▶ **Work item**
The entries below hold a line with "X50484000Y-84806000D02*" and a line with "(at 45.5 79)". Return those lines and all that lie between them, exactly and only.

▶ **Available data**
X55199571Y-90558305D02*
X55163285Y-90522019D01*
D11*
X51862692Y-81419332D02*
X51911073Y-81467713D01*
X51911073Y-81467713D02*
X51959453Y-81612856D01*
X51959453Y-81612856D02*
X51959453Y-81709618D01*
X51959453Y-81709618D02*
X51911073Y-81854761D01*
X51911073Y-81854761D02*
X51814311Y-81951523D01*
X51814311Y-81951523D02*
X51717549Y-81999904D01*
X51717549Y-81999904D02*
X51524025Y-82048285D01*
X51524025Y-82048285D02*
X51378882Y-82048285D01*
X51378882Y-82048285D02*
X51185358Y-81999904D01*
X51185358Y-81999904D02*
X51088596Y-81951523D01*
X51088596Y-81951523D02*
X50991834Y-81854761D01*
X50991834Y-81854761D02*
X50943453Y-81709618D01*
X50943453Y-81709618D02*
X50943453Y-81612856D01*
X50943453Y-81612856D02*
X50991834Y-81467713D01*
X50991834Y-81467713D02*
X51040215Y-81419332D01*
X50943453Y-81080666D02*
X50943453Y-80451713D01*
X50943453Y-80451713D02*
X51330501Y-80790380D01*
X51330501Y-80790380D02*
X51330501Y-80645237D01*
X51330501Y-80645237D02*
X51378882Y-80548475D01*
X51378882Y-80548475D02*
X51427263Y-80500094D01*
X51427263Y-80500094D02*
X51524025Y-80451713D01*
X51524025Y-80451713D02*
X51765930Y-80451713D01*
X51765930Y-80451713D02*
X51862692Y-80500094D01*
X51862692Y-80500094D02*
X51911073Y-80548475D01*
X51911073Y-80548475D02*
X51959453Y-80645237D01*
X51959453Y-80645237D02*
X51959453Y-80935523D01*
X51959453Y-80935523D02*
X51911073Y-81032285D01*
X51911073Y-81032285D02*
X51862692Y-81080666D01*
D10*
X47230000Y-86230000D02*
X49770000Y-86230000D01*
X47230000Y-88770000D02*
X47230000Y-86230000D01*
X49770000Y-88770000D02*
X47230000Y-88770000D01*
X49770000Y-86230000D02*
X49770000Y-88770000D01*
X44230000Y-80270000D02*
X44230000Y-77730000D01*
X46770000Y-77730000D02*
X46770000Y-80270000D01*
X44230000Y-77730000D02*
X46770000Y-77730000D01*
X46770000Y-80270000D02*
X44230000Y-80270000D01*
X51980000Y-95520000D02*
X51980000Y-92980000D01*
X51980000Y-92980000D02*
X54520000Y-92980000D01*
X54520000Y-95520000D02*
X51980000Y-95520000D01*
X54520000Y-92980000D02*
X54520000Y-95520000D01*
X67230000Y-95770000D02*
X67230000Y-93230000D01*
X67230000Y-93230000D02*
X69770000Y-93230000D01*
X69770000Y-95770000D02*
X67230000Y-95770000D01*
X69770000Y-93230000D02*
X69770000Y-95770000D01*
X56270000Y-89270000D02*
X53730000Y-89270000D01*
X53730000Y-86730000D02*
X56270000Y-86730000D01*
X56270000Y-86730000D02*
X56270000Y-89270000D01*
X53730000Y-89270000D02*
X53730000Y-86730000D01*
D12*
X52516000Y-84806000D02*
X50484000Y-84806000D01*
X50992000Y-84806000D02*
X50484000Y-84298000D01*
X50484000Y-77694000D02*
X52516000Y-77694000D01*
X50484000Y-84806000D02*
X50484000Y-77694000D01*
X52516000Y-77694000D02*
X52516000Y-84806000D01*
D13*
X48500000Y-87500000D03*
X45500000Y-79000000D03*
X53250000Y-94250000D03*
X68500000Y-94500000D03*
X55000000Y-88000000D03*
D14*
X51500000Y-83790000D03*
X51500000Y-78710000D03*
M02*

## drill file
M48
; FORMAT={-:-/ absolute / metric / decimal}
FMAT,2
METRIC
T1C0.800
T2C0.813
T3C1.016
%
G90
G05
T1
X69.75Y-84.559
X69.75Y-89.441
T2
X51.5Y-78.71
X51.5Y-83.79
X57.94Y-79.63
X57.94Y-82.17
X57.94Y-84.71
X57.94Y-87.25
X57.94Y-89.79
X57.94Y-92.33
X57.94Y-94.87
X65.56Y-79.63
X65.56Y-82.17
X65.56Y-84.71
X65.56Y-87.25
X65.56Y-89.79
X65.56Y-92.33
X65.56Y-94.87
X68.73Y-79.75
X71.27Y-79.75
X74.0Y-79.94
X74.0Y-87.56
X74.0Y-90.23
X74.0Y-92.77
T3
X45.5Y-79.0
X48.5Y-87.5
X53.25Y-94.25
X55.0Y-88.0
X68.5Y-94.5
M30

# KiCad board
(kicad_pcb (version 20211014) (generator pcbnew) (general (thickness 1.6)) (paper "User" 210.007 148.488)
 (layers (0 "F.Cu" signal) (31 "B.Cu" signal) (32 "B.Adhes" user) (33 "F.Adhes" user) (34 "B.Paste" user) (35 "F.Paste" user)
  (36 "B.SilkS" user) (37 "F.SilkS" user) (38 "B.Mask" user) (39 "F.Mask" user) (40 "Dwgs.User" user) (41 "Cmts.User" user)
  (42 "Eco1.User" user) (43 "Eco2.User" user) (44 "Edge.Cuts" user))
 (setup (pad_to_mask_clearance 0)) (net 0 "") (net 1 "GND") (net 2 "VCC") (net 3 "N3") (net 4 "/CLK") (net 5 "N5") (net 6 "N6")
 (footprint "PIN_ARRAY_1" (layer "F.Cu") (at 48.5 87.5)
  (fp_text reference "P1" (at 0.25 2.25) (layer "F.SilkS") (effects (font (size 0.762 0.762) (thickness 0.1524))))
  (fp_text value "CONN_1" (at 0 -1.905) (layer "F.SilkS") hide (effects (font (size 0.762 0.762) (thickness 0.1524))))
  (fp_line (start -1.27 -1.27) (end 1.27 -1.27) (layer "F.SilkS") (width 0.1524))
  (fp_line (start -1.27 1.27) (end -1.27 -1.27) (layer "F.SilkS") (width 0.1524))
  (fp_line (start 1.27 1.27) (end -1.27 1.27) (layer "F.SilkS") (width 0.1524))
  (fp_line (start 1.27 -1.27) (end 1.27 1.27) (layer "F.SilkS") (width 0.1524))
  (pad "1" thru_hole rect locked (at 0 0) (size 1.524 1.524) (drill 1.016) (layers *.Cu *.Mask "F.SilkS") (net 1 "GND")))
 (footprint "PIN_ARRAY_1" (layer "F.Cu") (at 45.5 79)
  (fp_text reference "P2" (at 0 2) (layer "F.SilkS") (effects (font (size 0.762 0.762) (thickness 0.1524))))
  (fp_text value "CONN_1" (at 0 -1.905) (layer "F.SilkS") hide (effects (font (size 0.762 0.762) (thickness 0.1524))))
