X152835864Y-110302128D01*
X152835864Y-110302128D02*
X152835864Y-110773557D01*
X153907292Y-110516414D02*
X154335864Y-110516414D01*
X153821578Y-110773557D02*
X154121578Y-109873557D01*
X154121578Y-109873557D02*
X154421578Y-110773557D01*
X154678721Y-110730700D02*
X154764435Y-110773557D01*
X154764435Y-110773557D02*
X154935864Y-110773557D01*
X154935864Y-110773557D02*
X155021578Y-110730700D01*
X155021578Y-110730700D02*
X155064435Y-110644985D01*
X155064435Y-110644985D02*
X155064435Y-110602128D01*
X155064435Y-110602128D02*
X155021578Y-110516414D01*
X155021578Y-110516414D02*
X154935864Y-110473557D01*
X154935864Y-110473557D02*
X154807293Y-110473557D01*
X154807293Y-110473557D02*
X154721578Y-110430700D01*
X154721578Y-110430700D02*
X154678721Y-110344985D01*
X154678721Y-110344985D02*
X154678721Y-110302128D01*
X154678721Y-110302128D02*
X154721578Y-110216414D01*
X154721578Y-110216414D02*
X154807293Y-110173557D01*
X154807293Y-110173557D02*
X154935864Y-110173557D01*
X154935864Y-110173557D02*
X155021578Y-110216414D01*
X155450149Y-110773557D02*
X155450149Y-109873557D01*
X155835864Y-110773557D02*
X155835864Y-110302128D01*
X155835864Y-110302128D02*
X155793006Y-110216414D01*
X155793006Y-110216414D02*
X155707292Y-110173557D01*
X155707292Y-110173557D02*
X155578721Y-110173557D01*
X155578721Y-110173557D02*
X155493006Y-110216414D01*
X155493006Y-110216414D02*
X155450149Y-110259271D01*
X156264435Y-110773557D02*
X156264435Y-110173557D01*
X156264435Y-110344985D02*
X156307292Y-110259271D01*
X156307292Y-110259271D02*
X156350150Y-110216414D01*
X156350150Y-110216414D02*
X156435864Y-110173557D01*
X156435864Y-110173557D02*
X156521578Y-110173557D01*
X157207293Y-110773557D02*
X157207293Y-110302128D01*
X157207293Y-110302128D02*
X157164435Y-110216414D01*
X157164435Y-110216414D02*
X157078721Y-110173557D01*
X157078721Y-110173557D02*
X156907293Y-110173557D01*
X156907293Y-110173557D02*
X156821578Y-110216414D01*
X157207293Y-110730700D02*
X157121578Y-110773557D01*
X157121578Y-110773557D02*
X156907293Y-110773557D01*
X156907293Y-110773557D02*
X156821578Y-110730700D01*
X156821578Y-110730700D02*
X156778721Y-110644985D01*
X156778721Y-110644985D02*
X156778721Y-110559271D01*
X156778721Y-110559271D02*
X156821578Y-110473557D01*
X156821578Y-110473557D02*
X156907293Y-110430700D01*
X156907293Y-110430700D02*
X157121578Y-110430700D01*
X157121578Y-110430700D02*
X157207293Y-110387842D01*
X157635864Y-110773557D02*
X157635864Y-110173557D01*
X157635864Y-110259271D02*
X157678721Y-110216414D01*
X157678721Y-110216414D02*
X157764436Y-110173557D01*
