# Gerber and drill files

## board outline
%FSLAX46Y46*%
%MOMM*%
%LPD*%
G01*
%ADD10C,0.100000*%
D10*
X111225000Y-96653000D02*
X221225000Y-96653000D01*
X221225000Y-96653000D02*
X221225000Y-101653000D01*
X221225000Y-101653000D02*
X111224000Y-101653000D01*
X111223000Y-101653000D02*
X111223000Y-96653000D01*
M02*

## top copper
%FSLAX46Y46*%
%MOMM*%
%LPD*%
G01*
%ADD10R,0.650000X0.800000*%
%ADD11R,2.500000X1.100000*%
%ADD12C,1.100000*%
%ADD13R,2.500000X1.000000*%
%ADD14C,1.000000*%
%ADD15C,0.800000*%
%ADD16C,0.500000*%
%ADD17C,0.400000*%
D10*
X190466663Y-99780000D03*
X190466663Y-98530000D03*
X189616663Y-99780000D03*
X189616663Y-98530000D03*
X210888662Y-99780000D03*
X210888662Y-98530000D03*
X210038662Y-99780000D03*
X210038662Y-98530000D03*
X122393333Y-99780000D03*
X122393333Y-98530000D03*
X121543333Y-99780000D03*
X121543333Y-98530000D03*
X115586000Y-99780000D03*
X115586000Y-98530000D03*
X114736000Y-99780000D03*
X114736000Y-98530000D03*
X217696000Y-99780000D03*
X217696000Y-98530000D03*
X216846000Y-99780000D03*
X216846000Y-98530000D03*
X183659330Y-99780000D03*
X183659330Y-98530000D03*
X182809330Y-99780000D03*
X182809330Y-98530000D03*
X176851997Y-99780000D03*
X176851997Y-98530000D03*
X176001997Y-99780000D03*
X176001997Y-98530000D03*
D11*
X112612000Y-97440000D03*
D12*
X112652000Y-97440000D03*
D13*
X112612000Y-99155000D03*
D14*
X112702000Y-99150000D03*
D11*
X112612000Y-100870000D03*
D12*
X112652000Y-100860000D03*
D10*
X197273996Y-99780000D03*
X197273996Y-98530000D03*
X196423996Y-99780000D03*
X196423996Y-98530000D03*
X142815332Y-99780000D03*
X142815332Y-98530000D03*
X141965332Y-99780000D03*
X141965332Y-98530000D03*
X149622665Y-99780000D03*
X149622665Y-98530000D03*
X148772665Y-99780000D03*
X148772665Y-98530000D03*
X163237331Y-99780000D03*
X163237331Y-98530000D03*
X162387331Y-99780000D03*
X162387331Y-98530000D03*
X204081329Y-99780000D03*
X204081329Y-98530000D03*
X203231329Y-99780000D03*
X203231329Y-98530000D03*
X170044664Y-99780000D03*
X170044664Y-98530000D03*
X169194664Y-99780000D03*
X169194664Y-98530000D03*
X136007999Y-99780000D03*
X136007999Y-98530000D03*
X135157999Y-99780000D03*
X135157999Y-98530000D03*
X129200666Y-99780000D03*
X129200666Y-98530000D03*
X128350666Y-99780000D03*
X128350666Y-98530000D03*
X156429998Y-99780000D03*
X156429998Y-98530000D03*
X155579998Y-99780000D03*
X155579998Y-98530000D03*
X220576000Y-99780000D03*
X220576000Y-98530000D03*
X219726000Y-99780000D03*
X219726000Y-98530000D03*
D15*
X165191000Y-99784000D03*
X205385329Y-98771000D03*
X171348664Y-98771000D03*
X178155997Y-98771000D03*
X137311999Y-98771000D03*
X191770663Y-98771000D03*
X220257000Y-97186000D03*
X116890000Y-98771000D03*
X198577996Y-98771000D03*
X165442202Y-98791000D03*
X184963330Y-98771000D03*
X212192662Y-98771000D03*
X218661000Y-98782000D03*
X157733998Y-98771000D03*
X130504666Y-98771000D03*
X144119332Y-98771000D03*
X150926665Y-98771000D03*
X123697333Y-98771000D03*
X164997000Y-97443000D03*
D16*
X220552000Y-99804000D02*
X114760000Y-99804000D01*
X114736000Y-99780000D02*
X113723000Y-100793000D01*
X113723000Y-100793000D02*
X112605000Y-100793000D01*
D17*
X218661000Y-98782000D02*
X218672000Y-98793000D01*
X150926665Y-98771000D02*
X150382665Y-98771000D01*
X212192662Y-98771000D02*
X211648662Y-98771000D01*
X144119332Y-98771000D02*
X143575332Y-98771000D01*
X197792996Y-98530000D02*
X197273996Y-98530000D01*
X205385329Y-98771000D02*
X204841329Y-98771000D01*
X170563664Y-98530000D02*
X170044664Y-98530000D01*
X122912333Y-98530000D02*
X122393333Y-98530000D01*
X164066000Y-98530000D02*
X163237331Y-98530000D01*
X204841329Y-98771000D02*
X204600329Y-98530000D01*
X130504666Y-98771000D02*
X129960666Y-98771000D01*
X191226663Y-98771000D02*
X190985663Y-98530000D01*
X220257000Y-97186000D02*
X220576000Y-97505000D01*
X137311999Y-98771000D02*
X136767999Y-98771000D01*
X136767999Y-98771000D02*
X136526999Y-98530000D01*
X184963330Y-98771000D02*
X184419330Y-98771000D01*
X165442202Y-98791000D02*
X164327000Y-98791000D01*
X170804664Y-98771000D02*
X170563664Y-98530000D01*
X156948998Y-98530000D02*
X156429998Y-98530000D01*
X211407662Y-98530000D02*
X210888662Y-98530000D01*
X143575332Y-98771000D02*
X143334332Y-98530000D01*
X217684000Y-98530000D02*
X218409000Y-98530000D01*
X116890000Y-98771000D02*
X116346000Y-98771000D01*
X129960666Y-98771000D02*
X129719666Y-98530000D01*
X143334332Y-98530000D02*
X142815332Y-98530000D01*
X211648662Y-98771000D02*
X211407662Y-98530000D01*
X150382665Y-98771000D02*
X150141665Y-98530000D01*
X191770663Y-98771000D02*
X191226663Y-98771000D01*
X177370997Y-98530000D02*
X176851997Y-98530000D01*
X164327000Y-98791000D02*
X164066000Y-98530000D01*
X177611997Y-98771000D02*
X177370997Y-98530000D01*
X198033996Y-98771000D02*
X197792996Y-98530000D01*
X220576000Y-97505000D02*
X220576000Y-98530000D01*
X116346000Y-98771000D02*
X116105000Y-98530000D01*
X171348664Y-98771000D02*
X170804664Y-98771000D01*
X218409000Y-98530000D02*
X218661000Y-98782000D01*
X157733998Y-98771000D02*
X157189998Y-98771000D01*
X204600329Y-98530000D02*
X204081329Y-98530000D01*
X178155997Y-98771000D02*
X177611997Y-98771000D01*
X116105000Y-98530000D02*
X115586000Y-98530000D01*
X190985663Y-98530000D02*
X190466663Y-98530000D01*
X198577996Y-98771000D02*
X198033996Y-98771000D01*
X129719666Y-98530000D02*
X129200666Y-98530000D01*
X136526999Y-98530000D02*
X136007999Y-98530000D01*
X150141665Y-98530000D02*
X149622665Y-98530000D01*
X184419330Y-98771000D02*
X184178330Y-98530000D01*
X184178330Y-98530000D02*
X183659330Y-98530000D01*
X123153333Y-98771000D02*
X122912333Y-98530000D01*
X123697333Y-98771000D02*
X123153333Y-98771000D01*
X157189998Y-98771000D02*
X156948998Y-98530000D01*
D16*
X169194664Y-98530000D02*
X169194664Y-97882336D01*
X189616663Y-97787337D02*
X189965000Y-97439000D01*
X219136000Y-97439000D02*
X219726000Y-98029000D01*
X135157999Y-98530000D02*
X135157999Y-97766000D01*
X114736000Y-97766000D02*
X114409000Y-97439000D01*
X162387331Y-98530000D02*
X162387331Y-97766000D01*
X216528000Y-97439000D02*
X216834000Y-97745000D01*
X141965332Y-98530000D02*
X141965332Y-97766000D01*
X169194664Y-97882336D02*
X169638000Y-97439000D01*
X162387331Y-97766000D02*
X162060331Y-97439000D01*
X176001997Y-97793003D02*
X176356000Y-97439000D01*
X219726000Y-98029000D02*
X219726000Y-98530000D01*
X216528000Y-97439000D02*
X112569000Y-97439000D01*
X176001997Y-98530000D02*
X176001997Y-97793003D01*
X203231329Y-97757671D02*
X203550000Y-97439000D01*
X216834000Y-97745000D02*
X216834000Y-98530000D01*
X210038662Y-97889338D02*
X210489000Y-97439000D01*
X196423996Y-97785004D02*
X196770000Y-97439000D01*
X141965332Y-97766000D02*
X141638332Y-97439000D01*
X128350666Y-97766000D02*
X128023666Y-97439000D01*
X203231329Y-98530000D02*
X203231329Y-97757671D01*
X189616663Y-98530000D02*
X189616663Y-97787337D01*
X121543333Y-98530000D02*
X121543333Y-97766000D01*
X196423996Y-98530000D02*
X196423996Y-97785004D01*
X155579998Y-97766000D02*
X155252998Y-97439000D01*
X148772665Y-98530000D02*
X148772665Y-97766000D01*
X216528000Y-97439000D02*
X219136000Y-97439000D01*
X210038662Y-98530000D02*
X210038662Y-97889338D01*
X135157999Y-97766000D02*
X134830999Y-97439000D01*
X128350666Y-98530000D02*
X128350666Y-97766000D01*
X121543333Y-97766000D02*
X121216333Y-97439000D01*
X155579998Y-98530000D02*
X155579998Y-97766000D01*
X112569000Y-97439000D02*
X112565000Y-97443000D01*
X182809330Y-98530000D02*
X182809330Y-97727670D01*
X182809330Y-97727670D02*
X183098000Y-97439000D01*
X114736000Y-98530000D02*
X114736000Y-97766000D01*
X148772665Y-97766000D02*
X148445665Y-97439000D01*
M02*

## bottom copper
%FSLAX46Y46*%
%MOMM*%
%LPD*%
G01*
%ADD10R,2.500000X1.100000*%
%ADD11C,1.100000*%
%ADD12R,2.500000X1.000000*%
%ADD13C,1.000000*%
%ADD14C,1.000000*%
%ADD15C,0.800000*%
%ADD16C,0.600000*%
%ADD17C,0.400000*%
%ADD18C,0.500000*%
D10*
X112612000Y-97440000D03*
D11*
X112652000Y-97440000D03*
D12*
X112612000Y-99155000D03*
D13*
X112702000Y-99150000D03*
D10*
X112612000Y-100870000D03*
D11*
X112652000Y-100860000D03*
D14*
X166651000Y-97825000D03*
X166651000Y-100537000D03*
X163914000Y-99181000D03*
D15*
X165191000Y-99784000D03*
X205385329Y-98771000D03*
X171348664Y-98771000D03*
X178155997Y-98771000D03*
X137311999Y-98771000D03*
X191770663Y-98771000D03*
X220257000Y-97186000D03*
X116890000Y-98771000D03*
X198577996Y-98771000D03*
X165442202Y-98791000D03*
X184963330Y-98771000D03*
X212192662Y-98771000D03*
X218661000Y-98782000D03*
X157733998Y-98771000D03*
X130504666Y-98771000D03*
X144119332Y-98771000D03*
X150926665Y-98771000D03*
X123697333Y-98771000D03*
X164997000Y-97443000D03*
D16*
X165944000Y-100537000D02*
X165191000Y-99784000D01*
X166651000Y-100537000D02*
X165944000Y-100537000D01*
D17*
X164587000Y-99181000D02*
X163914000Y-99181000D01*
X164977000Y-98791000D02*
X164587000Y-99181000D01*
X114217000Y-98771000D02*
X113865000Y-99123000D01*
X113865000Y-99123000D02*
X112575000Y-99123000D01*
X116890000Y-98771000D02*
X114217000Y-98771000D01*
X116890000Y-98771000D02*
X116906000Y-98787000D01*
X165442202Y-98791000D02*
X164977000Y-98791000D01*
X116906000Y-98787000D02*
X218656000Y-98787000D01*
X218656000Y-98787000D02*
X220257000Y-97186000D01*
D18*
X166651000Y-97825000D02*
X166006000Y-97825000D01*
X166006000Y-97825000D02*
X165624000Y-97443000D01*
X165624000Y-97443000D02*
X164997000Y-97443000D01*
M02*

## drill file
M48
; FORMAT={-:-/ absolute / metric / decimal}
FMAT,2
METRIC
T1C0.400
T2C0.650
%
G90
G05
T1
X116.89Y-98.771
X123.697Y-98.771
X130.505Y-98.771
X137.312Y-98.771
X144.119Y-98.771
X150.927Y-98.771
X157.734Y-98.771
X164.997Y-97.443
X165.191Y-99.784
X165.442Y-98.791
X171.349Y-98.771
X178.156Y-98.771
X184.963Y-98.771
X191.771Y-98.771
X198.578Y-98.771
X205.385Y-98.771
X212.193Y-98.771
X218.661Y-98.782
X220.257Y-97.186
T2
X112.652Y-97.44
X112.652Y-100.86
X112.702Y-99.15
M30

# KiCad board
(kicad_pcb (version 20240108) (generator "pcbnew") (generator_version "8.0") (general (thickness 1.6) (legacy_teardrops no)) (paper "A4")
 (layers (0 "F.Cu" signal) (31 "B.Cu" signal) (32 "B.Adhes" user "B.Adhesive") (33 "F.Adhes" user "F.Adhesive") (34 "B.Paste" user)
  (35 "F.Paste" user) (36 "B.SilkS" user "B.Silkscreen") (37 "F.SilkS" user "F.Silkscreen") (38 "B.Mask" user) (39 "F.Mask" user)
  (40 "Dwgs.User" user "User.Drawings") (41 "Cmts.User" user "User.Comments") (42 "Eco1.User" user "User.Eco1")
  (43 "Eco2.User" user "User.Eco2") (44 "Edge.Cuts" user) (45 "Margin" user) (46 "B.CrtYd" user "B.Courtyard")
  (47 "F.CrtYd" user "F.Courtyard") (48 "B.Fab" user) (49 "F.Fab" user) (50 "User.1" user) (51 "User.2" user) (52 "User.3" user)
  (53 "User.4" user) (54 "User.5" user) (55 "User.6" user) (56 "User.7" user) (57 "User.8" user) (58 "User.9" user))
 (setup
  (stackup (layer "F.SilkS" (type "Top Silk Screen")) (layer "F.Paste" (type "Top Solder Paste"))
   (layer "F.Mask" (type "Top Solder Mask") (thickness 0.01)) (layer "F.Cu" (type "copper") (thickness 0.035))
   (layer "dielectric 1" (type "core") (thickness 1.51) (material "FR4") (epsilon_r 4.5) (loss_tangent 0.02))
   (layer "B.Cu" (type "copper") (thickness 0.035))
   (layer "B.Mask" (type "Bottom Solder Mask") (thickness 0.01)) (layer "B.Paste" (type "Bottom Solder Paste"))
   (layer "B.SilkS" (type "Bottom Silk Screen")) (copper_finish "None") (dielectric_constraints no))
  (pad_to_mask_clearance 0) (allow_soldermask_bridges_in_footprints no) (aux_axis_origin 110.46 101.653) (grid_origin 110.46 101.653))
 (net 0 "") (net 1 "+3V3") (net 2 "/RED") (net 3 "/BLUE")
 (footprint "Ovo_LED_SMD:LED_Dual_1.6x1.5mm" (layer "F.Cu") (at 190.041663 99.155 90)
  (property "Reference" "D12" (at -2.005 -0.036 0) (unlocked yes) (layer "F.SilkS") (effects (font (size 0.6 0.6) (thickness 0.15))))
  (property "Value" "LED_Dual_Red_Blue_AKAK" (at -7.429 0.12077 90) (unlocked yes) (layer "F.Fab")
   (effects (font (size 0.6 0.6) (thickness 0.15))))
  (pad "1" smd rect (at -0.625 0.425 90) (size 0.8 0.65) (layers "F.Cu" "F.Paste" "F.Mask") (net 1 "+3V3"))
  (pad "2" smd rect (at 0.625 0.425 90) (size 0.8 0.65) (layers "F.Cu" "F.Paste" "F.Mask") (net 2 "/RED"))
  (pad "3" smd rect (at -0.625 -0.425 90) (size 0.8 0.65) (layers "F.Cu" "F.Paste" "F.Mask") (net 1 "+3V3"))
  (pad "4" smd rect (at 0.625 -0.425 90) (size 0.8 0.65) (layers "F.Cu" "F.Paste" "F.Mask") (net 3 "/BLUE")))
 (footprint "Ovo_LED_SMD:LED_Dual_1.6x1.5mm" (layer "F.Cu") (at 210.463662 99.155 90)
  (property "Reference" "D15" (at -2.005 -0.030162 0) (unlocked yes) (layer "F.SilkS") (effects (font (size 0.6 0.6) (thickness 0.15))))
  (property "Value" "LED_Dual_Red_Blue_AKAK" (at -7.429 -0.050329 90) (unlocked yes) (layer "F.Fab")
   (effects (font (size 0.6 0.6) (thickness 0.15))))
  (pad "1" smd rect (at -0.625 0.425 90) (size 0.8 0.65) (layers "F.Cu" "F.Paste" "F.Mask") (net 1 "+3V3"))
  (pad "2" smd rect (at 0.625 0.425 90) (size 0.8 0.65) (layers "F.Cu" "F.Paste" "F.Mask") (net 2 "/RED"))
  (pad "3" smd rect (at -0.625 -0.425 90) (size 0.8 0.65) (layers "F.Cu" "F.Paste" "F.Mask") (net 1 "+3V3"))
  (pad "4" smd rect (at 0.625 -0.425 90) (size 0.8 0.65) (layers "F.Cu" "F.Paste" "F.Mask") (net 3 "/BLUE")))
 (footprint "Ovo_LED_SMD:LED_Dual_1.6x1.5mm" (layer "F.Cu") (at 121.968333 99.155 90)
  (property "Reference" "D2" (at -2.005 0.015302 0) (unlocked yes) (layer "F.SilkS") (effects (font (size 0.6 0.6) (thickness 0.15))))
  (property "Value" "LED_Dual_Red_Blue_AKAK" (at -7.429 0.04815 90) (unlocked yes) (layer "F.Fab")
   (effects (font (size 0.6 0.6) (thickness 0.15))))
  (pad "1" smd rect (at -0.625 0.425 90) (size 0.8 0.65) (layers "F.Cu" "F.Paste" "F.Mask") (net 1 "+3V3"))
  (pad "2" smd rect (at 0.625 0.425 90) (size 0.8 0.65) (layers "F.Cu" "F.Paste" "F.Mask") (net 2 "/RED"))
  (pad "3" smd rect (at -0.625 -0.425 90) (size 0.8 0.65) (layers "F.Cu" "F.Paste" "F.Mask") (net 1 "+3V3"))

▶ **Finished task**
X50484000Y-84806000D02*
X50484000Y-77694000D01*
X52516000Y-77694000D02*
X52516000Y-84806000D01*
D13*
X48500000Y-87500000D03*
X45500000Y-79000000D03*
X53250000Y-94250000D03*
X68500000Y-94500000D03*
X55000000Y-88000000D03*
D14*
X51500000Y-83790000D03*
X51500000Y-78710000D03*
M02*

## drill file
M48
; FORMAT={-:-/ absolute / metric / decimal}
FMAT,2
METRIC
T1C0.800
T2C0.813
T3C1.016
%
G90
G05
T1
X69.75Y-84.559
X69.75Y-89.441
T2
X51.5Y-78.71
X51.5Y-83.79
X57.94Y-79.63
X57.94Y-82.17
X57.94Y-84.71
X57.94Y-87.25
X57.94Y-89.79
X57.94Y-92.33
X57.94Y-94.87
X65.56Y-79.63
X65.56Y-82.17
X65.56Y-84.71
X65.56Y-87.25
X65.56Y-89.79
X65.56Y-92.33
X65.56Y-94.87
X68.73Y-79.75
X71.27Y-79.75
X74.0Y-79.94
X74.0Y-87.56
X74.0Y-90.23
X74.0Y-92.77
T3
X45.5Y-79.0
X48.5Y-87.5
X53.25Y-94.25
X55.0Y-88.0
X68.5Y-94.5
M30

# KiCad board
(kicad_pcb (version 20211014) (generator pcbnew) (general (thickness 1.6)) (paper "User" 210.007 148.488)
 (layers (0 "F.Cu" signal) (31 "B.Cu" signal) (32 "B.Adhes" user) (33 "F.Adhes" user) (34 "B.Paste" user) (35 "F.Paste" user)
  (36 "B.SilkS" user) (37 "F.SilkS" user) (38 "B.Mask" user) (39 "F.Mask" user) (40 "Dwgs.User" user) (41 "Cmts.User" user)
  (42 "Eco1.User" user) (43 "Eco2.User" user) (44 "Edge.Cuts" user))
 (setup (pad_to_mask_clearance 0)) (net 0 "") (net 1 "GND") (net 2 "VCC") (net 3 "N3") (net 4 "/CLK") (net 5 "N5") (net 6 "N6")
 (footprint "PIN_ARRAY_1" (layer "F.Cu") (at 48.5 87.5)
  (fp_text reference "P1" (at 0.25 2.25) (layer "F.SilkS") (effects (font (size 0.762 0.762) (thickness 0.1524))))
  (fp_text value "CONN_1" (at 0 -1.905) (layer "F.SilkS") hide (effects (font (size 0.762 0.762) (thickness 0.1524))))
  (fp_line (start -1.27 -1.27) (end 1.27 -1.27) (layer "F.SilkS") (width 0.1524))
  (fp_line (start -1.27 1.27) (end -1.27 -1.27) (layer "F.SilkS") (width 0.1524))
  (fp_line (start 1.27 1.27) (end -1.27 1.27) (layer "F.SilkS") (width 0.1524))
  (fp_line (start 1.27 -1.27) (end 1.27 1.27) (layer "F.SilkS") (width 0.1524))
  (pad "1" thru_hole rect locked (at 0 0) (size 1.524 1.524) (drill 1.016) (layers *.Cu *.Mask "F.SilkS") (net 1 "GND")))
 (footprint "PIN_ARRAY_1" (layer "F.Cu") (at 45.5 79)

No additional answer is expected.